Due to the inevitable deviation of component parameters, the current of the two-phase LLC resonant converter is not uniform when no current sharing control is applied. For the half load, Figure 18 shows the current after the rectifier bridge, denoted by $I_{rect}$ in Figure 18a, of two phases without current sharing control. The peak difference is 1.3 A. After using the current sharing strategy proposed in this paper, the peak difference has been reduced significantly, which is only 280 mA. The results at full load are shown in Figure 19, denoted by $I_{rect}$ in Figure 19a.

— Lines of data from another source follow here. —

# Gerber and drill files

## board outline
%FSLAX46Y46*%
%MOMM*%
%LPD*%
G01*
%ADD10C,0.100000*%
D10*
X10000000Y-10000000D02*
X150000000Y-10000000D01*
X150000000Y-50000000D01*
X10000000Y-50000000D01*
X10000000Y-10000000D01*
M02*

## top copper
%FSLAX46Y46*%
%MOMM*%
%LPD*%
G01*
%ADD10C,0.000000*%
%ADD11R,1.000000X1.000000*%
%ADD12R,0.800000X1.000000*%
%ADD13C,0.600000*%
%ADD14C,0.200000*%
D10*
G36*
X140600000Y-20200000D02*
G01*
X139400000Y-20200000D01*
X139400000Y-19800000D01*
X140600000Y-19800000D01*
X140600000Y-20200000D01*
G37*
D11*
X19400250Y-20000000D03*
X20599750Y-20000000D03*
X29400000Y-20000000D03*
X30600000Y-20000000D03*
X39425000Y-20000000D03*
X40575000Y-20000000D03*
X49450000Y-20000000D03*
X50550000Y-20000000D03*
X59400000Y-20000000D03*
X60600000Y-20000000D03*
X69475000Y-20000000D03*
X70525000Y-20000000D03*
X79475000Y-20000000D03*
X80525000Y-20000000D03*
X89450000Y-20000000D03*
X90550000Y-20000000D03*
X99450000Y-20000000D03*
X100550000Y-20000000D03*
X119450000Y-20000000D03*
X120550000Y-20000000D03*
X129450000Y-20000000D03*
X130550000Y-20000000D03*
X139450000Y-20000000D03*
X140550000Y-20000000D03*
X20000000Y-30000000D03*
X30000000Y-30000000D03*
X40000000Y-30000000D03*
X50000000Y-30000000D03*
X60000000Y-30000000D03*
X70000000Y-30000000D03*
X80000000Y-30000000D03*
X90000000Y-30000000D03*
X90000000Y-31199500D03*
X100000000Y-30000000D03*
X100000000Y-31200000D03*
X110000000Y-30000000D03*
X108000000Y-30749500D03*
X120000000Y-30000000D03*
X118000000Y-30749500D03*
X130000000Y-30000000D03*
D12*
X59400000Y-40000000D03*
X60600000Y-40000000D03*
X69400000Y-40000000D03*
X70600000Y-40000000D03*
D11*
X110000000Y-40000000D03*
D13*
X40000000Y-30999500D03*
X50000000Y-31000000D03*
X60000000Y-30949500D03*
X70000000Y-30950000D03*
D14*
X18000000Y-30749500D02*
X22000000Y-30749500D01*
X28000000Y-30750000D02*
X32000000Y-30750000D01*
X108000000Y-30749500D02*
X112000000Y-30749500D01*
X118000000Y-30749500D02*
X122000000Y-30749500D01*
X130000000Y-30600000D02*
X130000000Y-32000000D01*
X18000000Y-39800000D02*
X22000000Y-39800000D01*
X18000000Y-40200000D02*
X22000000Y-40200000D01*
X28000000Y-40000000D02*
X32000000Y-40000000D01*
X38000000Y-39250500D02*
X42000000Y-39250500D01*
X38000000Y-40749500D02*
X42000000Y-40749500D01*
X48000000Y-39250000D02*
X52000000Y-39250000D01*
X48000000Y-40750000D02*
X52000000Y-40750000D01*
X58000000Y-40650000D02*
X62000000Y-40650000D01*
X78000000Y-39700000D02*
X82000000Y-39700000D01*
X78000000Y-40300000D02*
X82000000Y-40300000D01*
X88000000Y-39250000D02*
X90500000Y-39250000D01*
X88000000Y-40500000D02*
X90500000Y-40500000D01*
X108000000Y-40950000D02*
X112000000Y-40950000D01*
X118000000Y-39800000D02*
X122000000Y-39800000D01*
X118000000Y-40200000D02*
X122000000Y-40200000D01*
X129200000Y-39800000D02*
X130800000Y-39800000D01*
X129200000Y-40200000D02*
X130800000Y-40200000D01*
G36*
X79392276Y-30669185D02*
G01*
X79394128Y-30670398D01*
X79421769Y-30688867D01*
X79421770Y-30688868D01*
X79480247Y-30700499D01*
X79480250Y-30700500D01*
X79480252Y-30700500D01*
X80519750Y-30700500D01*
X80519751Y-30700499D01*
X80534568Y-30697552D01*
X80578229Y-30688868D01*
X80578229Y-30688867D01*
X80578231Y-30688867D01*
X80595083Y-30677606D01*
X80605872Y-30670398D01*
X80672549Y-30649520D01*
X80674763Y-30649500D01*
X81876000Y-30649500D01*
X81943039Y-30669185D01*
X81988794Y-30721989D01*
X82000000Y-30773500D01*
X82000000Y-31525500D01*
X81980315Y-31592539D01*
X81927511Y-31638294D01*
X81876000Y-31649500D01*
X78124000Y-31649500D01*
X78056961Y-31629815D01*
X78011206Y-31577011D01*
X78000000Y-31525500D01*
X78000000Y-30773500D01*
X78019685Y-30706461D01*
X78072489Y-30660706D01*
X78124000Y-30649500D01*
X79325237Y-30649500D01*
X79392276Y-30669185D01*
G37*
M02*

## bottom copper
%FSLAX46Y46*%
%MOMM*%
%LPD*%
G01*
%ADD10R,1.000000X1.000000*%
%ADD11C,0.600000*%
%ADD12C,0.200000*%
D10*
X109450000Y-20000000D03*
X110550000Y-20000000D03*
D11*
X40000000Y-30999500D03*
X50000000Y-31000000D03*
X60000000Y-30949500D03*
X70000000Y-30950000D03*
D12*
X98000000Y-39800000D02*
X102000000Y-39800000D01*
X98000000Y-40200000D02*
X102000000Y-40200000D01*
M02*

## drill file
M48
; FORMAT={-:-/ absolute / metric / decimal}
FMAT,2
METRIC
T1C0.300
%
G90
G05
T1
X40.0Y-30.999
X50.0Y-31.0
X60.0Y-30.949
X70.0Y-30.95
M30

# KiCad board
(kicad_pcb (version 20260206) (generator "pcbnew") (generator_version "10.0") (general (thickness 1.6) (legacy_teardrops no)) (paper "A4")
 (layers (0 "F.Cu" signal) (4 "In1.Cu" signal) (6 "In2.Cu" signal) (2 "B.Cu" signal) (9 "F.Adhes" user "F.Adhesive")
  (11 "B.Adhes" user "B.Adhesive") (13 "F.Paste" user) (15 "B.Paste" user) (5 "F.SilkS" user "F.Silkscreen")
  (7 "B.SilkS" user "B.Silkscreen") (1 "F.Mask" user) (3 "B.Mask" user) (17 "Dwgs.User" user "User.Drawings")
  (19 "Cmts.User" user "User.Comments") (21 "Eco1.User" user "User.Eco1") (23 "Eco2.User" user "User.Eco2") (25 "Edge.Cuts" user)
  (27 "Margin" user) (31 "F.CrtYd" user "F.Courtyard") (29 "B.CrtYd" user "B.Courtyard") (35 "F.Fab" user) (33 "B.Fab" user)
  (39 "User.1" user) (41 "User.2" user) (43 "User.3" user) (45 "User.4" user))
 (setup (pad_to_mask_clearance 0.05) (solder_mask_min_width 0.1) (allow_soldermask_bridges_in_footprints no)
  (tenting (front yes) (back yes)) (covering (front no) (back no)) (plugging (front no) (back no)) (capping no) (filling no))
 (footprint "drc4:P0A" (layer "F.Cu") (at 19.40025 20)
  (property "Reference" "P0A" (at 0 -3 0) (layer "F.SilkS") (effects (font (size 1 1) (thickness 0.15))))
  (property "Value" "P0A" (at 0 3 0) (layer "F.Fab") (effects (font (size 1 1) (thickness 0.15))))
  (pad "1" smd rect (at 0 0) (size 1 1) (layers "F.Cu" "F.Mask" "F.Paste") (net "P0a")))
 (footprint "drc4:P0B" (layer "F.Cu") (at 20.59975 20)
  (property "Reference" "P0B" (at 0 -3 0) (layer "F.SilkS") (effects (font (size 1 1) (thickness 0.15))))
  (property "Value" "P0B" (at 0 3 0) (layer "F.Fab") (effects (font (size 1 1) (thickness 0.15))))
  (pad "1" smd rect (at 0 0) (size 1 1) (layers "F.Cu" "F.Mask" "F.Paste") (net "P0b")))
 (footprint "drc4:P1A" (layer "F.Cu") (at 29.4 20)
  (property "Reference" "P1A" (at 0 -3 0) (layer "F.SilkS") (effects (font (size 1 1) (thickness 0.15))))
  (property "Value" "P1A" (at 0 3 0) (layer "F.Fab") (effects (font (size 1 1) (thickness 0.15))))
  (pad "1" smd rect (at 0 0) (size 1 1) (layers "F.Cu" "F.Mask" "F.Paste") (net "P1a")))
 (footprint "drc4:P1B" (layer "F.Cu") (at 30.6 20)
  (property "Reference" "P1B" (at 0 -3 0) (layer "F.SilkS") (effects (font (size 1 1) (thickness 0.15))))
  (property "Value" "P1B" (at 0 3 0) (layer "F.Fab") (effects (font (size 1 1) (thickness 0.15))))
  (pad "1" smd rect (at 0 0) (size 1 1) (layers "F.Cu" "F.Mask" "F.Paste") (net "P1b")))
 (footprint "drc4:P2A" (layer "F.Cu") (at 39.425 20)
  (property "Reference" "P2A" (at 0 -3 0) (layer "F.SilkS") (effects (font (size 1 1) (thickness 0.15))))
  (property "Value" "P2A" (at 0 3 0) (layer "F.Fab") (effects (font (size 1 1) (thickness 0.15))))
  (pad "1" smd rect (at 0 0) (size 1 1) (layers "F.Cu" "F.Mask" "F.Paste") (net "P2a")))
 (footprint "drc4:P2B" (layer "F.Cu") (at 40.575 20)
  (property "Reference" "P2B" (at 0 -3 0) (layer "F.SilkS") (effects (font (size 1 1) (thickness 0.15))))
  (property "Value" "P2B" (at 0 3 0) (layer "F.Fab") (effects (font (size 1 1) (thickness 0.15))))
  (pad "1" smd rect (at 0 0) (size 1 1) (layers "F.Cu" "F.Mask" "F.Paste") (solder_mask_margin 0) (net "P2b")))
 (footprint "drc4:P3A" (layer "F.Cu") (at 49.45 20)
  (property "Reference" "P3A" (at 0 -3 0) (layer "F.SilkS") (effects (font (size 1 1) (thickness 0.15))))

When the proposed current sharing strategy is applied, the current difference between each phase is reduced to 460mA. Moreover, ZCS of the secondary side is realized.

In Figure 20, $V_{ab,z}$ is the voltage applied to the resonant tank after Zero-Vector-Injection. Obviously, ZVS can still be realized after using the proposed current sharing strategy.

Temperatures of these MOSFET under different operating conditions provides an indication of the effectiveness of the current sharing strategy proposed in this paper. The temperature of MOSFET at the rated power is detected using thermal cameras, as shown in Figure 21a,b.

According to Figure 21a, phase two has a higher temperature than phase one when current sharing is disabled. With current sharing, the difference in temperature between the two phases is very small, as shown in Figure 21b.

As mentioned in Section 1, the current sharing strategy proposed in this paper can also improve the efficiency of the parallel system by using phase shedding technique. Figure 22 shows the phase shedding waveform when the load current is less than 55%. When the load current is below 5.5 A, phase two is shut down. As shown in Figure 23, the 5 A (50%) load efficiency is improved from 93% to above 94%, and the 2 A (20%) load efficiency is improved from 85% to 90%. Considering that this is a high step-up ratio application, this efficiency performance is acceptable.

5. Conclusions

In this paper, a novel current sharing strategy for interleaved full-bridge LLC resonant converters based on Zero-Vector-Injection is proposed, which can realize current sharing without adding any additional hardware. The principle of Zero-Vector-Injection is analyzed based on FHA. A detailed modulation scheme is proposed to realize ZVS and ZCS when Zero-Vector-Injection is activated. Theoretical analysis and simulation confirm the feasibility of the proposed method in this paper. To further verify the proposed approach, a two-phase interleaved LLC converter prototype with 1.8 kW rated power was built. Experiment results from the prototype show very good load sharing performance. Moreover, the use of the phase shedding technique improves light-load efficiency significantly.